Required work: Up to and including the line containing "circle (at 15.000001", set down each line of the entries below exactly, starting from the first, and leave out the rest.

- Opening Delimiter -

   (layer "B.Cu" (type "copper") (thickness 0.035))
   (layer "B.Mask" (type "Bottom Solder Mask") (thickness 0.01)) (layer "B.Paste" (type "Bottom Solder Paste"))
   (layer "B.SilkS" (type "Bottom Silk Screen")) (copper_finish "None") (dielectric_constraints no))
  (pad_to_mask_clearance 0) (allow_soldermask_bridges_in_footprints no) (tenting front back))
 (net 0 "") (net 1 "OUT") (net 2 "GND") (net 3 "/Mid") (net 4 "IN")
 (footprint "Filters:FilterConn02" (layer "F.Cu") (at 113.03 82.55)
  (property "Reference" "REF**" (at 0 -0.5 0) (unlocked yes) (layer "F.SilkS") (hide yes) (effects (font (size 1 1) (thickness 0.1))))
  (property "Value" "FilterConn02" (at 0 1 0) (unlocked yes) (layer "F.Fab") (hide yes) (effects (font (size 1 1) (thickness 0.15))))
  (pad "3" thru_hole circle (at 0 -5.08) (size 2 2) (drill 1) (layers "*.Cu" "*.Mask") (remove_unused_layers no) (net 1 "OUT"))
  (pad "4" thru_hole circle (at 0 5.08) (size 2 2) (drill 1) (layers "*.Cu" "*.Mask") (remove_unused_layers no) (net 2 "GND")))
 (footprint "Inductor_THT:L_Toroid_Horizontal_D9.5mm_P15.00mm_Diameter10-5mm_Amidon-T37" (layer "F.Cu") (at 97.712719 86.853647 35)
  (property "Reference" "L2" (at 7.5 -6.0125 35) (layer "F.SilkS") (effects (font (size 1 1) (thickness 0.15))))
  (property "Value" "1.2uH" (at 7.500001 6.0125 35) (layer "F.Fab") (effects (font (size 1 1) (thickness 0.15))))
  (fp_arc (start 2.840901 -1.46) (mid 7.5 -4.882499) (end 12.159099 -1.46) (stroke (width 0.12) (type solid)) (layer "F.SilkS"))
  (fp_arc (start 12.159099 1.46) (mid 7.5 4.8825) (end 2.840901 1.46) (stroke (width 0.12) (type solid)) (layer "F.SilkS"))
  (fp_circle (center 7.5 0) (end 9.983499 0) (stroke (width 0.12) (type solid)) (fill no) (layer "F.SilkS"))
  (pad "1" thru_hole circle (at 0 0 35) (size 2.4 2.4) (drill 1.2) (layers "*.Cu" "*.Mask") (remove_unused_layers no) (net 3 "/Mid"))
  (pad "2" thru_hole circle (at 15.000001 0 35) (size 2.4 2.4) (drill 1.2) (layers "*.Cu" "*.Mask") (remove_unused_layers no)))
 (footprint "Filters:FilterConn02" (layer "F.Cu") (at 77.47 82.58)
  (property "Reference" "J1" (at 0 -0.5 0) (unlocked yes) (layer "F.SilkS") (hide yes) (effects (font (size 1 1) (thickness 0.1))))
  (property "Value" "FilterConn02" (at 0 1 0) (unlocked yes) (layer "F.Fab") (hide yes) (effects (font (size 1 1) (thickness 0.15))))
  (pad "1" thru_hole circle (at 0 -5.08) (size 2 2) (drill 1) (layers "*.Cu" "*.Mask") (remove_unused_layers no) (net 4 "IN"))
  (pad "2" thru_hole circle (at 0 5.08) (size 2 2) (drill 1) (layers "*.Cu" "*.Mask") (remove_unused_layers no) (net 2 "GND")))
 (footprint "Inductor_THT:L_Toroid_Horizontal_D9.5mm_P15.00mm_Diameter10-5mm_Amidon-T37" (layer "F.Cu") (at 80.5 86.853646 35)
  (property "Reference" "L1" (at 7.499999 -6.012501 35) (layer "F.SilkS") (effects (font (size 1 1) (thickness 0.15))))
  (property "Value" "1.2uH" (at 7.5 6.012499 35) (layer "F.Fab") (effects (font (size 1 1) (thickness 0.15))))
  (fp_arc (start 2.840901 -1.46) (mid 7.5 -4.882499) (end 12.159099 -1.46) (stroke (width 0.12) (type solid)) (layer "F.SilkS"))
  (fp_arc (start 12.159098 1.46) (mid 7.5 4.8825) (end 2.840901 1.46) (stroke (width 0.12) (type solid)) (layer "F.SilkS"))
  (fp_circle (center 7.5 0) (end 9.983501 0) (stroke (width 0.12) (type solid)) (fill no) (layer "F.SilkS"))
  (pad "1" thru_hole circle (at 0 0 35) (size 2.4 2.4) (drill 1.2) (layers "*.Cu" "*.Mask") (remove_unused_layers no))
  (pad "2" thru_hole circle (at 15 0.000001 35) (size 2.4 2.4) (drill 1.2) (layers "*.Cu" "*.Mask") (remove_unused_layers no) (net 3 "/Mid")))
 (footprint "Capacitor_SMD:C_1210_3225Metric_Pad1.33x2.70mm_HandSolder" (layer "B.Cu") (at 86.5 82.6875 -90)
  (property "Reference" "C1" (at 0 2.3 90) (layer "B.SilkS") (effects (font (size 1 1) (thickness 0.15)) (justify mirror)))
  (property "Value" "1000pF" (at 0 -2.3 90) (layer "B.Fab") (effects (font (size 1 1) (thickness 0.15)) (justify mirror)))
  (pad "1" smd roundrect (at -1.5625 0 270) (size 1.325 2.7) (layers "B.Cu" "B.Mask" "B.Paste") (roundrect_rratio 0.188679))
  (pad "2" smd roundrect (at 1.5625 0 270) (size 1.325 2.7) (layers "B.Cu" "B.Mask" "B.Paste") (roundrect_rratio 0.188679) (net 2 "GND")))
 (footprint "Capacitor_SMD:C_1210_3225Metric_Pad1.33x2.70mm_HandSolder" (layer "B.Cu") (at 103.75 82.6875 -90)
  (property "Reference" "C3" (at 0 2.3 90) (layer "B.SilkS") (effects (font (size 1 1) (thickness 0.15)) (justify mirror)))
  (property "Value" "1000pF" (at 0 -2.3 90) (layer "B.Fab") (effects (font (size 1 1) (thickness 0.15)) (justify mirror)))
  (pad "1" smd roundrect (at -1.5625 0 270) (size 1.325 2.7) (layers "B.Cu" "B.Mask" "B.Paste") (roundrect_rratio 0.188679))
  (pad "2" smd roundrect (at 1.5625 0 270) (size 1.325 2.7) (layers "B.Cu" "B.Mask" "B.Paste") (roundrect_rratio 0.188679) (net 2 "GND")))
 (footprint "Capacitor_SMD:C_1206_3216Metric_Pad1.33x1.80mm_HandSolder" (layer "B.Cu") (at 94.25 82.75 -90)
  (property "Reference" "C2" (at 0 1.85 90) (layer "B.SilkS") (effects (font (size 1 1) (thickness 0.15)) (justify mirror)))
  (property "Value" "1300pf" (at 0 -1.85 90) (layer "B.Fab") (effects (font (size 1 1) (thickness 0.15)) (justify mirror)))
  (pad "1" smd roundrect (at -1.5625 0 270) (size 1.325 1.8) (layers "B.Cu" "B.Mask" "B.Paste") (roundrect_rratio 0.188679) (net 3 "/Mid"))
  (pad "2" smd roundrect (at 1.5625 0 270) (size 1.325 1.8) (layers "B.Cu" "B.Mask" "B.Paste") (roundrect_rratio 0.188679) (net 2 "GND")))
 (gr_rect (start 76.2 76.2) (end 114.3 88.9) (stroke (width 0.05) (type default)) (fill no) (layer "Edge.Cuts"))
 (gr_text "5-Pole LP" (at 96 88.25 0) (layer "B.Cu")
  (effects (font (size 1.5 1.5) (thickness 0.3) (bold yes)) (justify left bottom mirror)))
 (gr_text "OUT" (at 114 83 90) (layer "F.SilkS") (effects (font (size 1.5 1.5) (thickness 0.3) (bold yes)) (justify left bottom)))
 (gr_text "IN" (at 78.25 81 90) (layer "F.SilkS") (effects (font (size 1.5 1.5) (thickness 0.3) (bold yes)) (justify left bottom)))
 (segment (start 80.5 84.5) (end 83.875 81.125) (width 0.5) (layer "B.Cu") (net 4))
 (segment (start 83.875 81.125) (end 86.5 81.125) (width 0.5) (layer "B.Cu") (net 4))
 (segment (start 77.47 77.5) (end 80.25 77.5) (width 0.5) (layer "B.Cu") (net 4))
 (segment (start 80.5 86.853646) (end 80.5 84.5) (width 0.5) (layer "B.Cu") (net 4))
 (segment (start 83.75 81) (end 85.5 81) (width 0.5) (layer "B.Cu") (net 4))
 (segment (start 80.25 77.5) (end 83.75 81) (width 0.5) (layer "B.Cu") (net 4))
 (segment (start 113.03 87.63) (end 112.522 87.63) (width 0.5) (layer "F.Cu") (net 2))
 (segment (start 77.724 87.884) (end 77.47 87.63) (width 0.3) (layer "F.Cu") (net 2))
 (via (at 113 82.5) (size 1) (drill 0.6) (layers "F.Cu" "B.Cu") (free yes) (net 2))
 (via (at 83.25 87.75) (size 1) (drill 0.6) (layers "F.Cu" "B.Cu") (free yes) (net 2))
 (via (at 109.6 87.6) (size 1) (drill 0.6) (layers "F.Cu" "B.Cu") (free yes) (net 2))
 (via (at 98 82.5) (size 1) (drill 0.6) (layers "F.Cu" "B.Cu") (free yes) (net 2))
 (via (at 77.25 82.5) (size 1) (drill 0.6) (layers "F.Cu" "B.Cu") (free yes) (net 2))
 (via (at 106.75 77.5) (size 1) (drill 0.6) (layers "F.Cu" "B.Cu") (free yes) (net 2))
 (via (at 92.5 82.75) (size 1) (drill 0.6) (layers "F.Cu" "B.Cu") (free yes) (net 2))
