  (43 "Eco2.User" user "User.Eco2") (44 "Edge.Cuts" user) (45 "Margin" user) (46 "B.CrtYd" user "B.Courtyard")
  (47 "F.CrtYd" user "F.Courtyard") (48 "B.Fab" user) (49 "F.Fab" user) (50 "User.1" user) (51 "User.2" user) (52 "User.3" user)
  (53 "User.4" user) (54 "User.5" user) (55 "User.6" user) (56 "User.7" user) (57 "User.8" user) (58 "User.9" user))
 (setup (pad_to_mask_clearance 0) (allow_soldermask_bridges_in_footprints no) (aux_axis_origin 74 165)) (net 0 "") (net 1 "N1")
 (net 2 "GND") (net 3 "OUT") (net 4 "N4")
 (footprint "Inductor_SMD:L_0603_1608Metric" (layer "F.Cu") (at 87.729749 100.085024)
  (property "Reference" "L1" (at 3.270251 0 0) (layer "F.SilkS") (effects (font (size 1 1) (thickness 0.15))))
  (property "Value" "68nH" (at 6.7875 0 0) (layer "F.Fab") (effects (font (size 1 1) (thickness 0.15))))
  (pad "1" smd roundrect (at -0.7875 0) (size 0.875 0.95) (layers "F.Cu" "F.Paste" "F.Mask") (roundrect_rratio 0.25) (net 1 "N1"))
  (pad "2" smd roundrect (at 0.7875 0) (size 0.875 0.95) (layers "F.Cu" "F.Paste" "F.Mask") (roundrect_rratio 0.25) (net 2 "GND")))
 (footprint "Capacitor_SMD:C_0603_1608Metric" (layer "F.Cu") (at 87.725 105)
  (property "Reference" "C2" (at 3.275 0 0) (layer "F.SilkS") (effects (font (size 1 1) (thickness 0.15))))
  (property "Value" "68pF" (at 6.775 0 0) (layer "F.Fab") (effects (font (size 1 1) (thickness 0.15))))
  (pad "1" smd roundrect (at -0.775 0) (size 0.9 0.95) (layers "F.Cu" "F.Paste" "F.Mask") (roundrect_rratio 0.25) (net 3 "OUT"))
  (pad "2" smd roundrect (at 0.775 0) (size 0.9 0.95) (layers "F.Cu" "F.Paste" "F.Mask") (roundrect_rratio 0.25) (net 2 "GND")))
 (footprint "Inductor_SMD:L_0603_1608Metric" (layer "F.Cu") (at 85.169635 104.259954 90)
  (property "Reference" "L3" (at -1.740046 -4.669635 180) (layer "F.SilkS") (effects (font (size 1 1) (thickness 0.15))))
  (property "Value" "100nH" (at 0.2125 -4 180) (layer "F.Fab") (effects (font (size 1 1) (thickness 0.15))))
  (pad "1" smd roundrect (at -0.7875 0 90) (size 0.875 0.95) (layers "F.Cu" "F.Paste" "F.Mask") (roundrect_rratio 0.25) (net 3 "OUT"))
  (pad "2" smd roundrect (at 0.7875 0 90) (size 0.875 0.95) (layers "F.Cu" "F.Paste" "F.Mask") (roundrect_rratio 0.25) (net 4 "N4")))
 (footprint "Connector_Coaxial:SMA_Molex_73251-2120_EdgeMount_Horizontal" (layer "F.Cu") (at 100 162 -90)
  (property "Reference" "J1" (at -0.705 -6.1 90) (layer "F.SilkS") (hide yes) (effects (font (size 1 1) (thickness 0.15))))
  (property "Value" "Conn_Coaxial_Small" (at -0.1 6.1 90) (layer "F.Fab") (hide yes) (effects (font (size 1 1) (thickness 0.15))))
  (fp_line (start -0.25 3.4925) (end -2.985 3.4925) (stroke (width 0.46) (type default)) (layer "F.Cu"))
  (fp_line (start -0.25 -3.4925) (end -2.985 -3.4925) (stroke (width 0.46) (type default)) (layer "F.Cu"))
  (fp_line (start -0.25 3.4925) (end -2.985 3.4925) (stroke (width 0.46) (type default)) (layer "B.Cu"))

- Closing Delimiter -

Expected answer:
   (layer "B.Cu" (type "copper") (thickness 0.035))
   (layer "B.Mask" (type "Bottom Solder Mask") (thickness 0.01)) (layer "B.Paste" (type "Bottom Solder Paste"))
   (layer "B.SilkS" (type "Bottom Silk Screen")) (copper_finish "None") (dielectric_constraints no))
  (pad_to_mask_clearance 0) (allow_soldermask_bridges_in_footprints no) (tenting front back))
 (net 0 "") (net 1 "OUT") (net 2 "GND") (net 3 "/Mid") (net 4 "IN")
 (footprint "Filters:FilterConn02" (layer "F.Cu") (at 113.03 82.55)
  (property "Reference" "REF**" (at 0 -0.5 0) (unlocked yes) (layer "F.SilkS") (hide yes) (effects (font (size 1 1) (thickness 0.1))))
  (property "Value" "FilterConn02" (at 0 1 0) (unlocked yes) (layer "F.Fab") (hide yes) (effects (font (size 1 1) (thickness 0.15))))
  (pad "3" thru_hole circle (at 0 -5.08) (size 2 2) (drill 1) (layers "*.Cu" "*.Mask") (remove_unused_layers no) (net 1 "OUT"))
  (pad "4" thru_hole circle (at 0 5.08) (size 2 2) (drill 1) (layers "*.Cu" "*.Mask") (remove_unused_layers no) (net 2 "GND")))
 (footprint "Inductor_THT:L_Toroid_Horizontal_D9.5mm_P15.00mm_Diameter10-5mm_Amidon-T37" (layer "F.Cu") (at 97.712719 86.853647 35)
  (property "Reference" "L2" (at 7.5 -6.0125 35) (layer "F.SilkS") (effects (font (size 1 1) (thickness 0.15))))
  (property "Value" "1.2uH" (at 7.500001 6.0125 35) (layer "F.Fab") (effects (font (size 1 1) (thickness 0.15))))
  (fp_arc (start 2.840901 -1.46) (mid 7.5 -4.882499) (end 12.159099 -1.46) (stroke (width 0.12) (type solid)) (layer "F.SilkS"))
  (fp_arc (start 12.159099 1.46) (mid 7.5 4.8825) (end 2.840901 1.46) (stroke (width 0.12) (type solid)) (layer "F.SilkS"))
  (fp_circle (center 7.5 0) (end 9.983499 0) (stroke (width 0.12) (type solid)) (fill no) (layer "F.SilkS"))
  (pad "1" thru_hole circle (at 0 0 35) (size 2.4 2.4) (drill 1.2) (layers "*.Cu" "*.Mask") (remove_unused_layers no) (net 3 "/Mid"))
  (pad "2" thru_hole circle (at 15.000001 0 35) (size 2.4 2.4) (drill 1.2) (layers "*.Cu" "*.Mask") (remove_unused_layers no)))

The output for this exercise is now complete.